Wednesday, December 31, 2003
ash
eh bev do you still have that p4 pic of dimbole you and me on your calculator? because if you do can you PLEASE remove it????
and who are you calling silly?? can i help that my family has a tradition of steamboat on new years eve??? yalah i noe it's strange
anyway why were we laughing so hard today? ju on is SUPPOSED to be a horror movie...
the hair move- laugh
the man shake- laugh
the baby- why is it in a plastic bag?? laugh
people getting killed- why they still stand there... don't know how to run away. laugh
is it very funny? and the pple behind also laughing away like siao. when we come out of the cinema pple must've thought we were watching a comedy or smth.
yalah the movie wasn't scary at all. the only time bev scream was when i tried to talk to her
heh
and michelle lee... next time you fall down the escalator can you scream instead of vomit??? siao. and don't pull me down with you....

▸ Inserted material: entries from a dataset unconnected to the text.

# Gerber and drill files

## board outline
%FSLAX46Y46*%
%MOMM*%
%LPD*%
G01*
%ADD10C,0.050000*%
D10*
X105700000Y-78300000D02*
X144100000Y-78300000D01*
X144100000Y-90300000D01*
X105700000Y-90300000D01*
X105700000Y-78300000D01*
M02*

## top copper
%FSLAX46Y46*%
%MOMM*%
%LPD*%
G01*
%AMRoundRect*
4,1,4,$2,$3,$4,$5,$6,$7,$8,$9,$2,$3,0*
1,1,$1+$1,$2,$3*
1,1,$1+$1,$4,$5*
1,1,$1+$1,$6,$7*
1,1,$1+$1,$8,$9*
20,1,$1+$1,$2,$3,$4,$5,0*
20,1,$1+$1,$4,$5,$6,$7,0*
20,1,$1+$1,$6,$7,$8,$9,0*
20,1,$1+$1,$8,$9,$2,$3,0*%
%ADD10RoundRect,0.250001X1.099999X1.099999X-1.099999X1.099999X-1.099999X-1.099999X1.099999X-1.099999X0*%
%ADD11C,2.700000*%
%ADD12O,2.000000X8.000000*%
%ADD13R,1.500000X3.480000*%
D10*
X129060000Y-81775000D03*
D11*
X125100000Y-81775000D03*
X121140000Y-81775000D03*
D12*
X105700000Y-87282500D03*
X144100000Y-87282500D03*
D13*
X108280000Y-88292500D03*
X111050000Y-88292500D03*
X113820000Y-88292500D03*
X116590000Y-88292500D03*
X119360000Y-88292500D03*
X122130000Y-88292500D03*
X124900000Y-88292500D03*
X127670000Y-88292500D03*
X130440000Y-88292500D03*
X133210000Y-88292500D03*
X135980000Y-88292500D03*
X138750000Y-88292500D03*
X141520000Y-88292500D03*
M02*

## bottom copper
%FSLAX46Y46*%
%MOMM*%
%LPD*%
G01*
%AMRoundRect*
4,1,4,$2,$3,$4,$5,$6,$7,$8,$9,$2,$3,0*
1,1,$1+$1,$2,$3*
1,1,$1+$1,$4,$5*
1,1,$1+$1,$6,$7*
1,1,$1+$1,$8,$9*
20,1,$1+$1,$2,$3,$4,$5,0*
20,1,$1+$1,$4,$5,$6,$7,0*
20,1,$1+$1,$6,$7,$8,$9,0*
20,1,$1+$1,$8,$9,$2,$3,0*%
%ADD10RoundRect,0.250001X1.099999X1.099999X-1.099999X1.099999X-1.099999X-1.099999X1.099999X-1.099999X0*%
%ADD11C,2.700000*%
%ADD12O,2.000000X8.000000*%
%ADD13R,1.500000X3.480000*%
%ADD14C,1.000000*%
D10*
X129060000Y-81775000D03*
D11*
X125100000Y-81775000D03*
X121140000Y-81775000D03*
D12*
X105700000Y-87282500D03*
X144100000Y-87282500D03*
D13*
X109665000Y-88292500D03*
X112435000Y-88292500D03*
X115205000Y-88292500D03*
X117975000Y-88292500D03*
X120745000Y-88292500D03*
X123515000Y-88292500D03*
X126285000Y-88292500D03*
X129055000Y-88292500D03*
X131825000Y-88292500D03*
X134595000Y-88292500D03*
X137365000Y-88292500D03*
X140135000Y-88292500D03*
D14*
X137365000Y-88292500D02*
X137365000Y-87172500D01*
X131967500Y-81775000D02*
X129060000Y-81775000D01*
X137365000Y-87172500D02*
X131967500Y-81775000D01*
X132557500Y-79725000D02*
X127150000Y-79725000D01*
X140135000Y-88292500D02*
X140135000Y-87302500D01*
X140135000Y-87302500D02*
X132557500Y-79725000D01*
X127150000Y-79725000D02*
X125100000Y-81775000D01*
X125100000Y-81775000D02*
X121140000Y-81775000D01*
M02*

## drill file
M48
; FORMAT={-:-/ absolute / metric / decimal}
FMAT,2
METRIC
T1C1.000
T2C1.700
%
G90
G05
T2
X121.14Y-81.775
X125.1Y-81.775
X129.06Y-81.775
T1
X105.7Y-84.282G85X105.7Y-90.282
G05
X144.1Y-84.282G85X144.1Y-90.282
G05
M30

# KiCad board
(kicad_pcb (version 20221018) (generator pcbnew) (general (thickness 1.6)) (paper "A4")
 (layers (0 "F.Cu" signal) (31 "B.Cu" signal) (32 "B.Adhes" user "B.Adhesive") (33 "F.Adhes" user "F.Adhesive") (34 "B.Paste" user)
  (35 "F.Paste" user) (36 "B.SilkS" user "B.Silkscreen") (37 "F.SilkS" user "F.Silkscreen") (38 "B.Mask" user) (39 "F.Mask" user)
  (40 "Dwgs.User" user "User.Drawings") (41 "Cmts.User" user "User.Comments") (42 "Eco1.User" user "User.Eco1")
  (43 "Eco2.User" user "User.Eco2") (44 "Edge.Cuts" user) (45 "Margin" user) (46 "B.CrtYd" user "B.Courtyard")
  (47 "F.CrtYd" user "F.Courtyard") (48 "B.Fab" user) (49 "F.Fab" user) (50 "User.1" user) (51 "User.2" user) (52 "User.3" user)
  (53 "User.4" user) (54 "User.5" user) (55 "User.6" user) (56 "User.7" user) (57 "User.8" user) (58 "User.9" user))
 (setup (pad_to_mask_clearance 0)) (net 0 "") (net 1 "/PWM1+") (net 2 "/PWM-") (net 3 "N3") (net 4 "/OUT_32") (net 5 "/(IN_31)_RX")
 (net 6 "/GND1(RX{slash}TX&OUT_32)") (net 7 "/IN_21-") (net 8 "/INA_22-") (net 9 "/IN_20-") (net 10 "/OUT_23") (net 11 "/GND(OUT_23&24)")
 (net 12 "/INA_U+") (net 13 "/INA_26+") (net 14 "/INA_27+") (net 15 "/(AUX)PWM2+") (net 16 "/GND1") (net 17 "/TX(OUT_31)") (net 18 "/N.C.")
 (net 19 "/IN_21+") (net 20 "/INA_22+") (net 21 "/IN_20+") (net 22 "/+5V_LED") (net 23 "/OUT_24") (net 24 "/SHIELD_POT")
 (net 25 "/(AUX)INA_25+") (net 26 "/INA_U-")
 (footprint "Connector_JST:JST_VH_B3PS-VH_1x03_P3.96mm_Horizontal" (layer "F.Cu") (at 129.06 81.775 180)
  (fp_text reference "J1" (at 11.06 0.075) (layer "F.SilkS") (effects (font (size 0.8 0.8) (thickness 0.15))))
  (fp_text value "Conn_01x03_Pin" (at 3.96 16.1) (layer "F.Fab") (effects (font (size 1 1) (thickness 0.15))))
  (pad "1" thru_hole roundrect (at 0 0 180) (size 2.7 2.7) (drill 1.7) (layers "*.Cu" "*.Mask") (roundrect_rratio 0.092593) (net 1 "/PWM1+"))
  (pad "2" thru_hole circle (at 3.96 0 180) (size 2.7 2.7) (drill 1.7) (layers "*.Cu" "*.Mask") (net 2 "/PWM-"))
  (pad "3" thru_hole circle (at 7.92 0 180) (size 2.7 2.7) (drill 1.7) (layers "*.Cu" "*.Mask") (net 2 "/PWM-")))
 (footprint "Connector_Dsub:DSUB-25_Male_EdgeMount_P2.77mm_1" (layer "F.Cu") (at 124.9 88.2925)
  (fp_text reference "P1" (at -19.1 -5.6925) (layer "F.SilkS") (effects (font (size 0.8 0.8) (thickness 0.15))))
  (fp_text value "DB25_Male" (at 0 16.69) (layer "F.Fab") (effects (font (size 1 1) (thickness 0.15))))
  (pad "0" thru_hole oval (at -19.2 -1.01) (size 2 8) (drill oval 1 7) (layers "*.Cu" "*.Mask") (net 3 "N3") (thermal_bridge_angle 45))
  (pad "0" thru_hole oval (at 19.2 -1.01) (size 2 8) (drill oval 1 7) (layers "*.Cu" "*.Mask") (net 3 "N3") (thermal_bridge_angle 45))
  (pad "1" smd rect (at -16.62 0) (size 1.5 3.48) (layers "F.Cu" "F.Paste" "F.Mask") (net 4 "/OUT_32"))
  (pad "2" smd rect (at -13.85 0) (size 1.5 3.48) (layers "F.Cu" "F.Paste" "F.Mask") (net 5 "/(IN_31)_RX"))
  (pad "3" smd rect (at -11.08 0) (size 1.5 3.48) (layers "F.Cu" "F.Paste" "F.Mask") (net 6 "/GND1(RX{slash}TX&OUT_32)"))
  (pad "4" smd rect (at -8.31 0) (size 1.5 3.48) (layers "F.Cu" "F.Paste" "F.Mask") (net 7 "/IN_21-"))
  (pad "5" smd rect (at -5.54 0) (size 1.5 3.48) (layers "F.Cu" "F.Paste" "F.Mask") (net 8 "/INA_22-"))
  (pad "6" smd rect (at -2.77 0) (size 1.5 3.48) (layers "F.Cu" "F.Paste" "F.Mask") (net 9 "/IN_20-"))
  (pad "7" smd rect (at 0 0) (size 1.5 3.48) (layers "F.Cu" "F.Paste" "F.Mask") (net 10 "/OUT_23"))
  (pad "8" smd rect (at 2.77 0) (size 1.5 3.48) (layers "F.Cu" "F.Paste" "F.Mask") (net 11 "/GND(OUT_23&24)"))
  (pad "9" smd rect (at 5.54 0) (size 1.5 3.48) (layers "F.Cu" "F.Paste" "F.Mask") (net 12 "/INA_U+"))
  (pad "10" smd rect (at 8.31 0) (size 1.5 3.48) (layers "F.Cu" "F.Paste" "F.Mask") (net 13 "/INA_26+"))
  (pad "11" smd rect (at 11.08 0) (size 1.5 3.48) (layers "F.Cu" "F.Paste" "F.Mask") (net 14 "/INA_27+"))
  (pad "12" smd rect (at 13.85 0) (size 1.5 3.48) (layers "F.Cu" "F.Paste" "F.Mask") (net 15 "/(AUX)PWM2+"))
  (pad "13" smd rect (at 16.62 0) (size 1.5 3.48) (layers "F.Cu" "F.Paste" "F.Mask") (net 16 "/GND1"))
  (pad "14" smd rect (at -15.235 0) (size 1.5 3.48) (layers "B.Cu" "B.Paste" "B.Mask") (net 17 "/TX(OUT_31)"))
  (pad "15" smd rect (at -12.465 0) (size 1.5 3.48) (layers "B.Cu" "B.Paste" "B.Mask") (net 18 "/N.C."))
  (pad "16" smd rect (at -9.695 0) (size 1.5 3.48) (layers "B.Cu" "B.Paste" "B.Mask") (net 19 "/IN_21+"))
  (pad "17" smd rect (at -6.925 0) (size 1.5 3.48) (layers "B.Cu" "B.Paste" "B.Mask") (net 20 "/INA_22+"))
  (pad "18" smd rect (at -4.155 0) (size 1.5 3.48) (layers "B.Cu" "B.Paste" "B.Mask") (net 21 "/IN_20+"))
  (pad "19" smd rect (at -1.385 0) (size 1.5 3.48) (layers "B.Cu" "B.Paste" "B.Mask") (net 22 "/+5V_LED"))
  (pad "20" smd rect (at 1.385 0) (size 1.5 3.48) (layers "B.Cu" "B.Paste" "B.Mask") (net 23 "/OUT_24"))
  (pad "21" smd rect (at 4.155 0) (size 1.5 3.48) (layers "B.Cu" "B.Paste" "B.Mask") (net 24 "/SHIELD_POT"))
  (pad "22" smd rect (at 6.925 0) (size 1.5 3.48) (layers "B.Cu" "B.Paste" "B.Mask") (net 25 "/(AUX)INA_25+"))
  (pad "23" smd rect (at 9.695 0) (size 1.5 3.48) (layers "B.Cu" "B.Paste" "B.Mask") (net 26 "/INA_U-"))
  (pad "24" smd rect (at 12.465 0) (size 1.5 3.48) (layers "B.Cu" "B.Paste" "B.Mask") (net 1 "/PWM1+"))
  (pad "25" smd rect (at 15.235 0) (size 1.5 3.48) (layers "B.Cu" "B.Paste" "B.Mask") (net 2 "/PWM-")))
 (gr_rect (start 105.7 78.3) (end 144.1 90.3) (stroke (width 0.05) (type default)) (fill none) (layer "Edge.Cuts"))
 (segment (start 137.365 88.2925) (end 137.365 87.1725) (width 1) (layer "B.Cu") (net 1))
 (segment (start 131.9675 81.775) (end 129.06 81.775) (width 1) (layer "B.Cu") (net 1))
 (segment (start 137.365 87.1725) (end 131.9675 81.775) (width 1) (layer "B.Cu") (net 1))
 (segment (start 132.5575 79.725) (end 127.15 79.725) (width 1) (layer "B.Cu") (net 2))
 (segment (start 140.135 88.2925) (end 140.135 87.3025) (width 1) (layer "B.Cu") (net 2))
 (segment (start 140.135 87.3025) (end 132.5575 79.725) (width 1) (layer "B.Cu") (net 2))
 (segment (start 127.15 79.725) (end 125.1 81.775) (width 1) (layer "B.Cu") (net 2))
 (segment (start 125.1 81.775) (end 121.14 81.775) (width 1) (layer "B.Cu") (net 2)))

we keep saying it's the last time we are going to meet... but this is REALLY the last time lah
see y'all in 3 weeks
michelle lee you must wear your pink tube when we meet
Love. 11:17 PM
Saturday, December 27, 2003
ash*
ignore that... anyway bev can you also list ur cds??
Love. 12:01 PM
Friday, December 26, 2003
ash*
I'm in a badbadbadbadbadbadbadbadbadbadbadbadbad mood... I've been going arnd reading pple's blogs and concluding that I'm a lifelessfreaknerdgeekfuckerassbitchretardidiot and whatever other derogatory terms you can come up with... yet at the same time there is so much I love abt being me... which of course makes me narcissticarrogantselfabsorbedconceitedvainegotistical ass ever to exist... my life suckssuckssuckssuckssuckssuckssuckssuckssuckslike absolute fucking hell
if I wasn't such a gutless coward I would have killed myself already
maybe it's pms
because it's time and it's not here and i hate waiting like this
argggggggg
or maybe it's just that school's here
and I haven't finished that fucking portfolio
I'm not a good writer so why should I try anyway
I'm not even taking lit
why am I not taking lit? I don't know anymore
I could have chosen any damn option
maybe it's because I don't want to do the sec one orientation thing
maybe it's because I don't want to sit through a jam and go to m'sia
maybe it's because my christmas present hasn't been bought yet
maybe it's because I had this dream last night and I was telling myself to get a life.... in my fucking dream
maybe it's because my life truely and undoubtly (yes I know that they both mean the same thing) sucks like a fucking piece of crap and is about as necessary in this world as wisdom teeth
and if any teacher is reading this and wants to say something about my langague (though I doubt anyone is reading) well let me just say I don't fucking care about the world anymore (I'm just saying that... I do care... see I'm 2 faced too)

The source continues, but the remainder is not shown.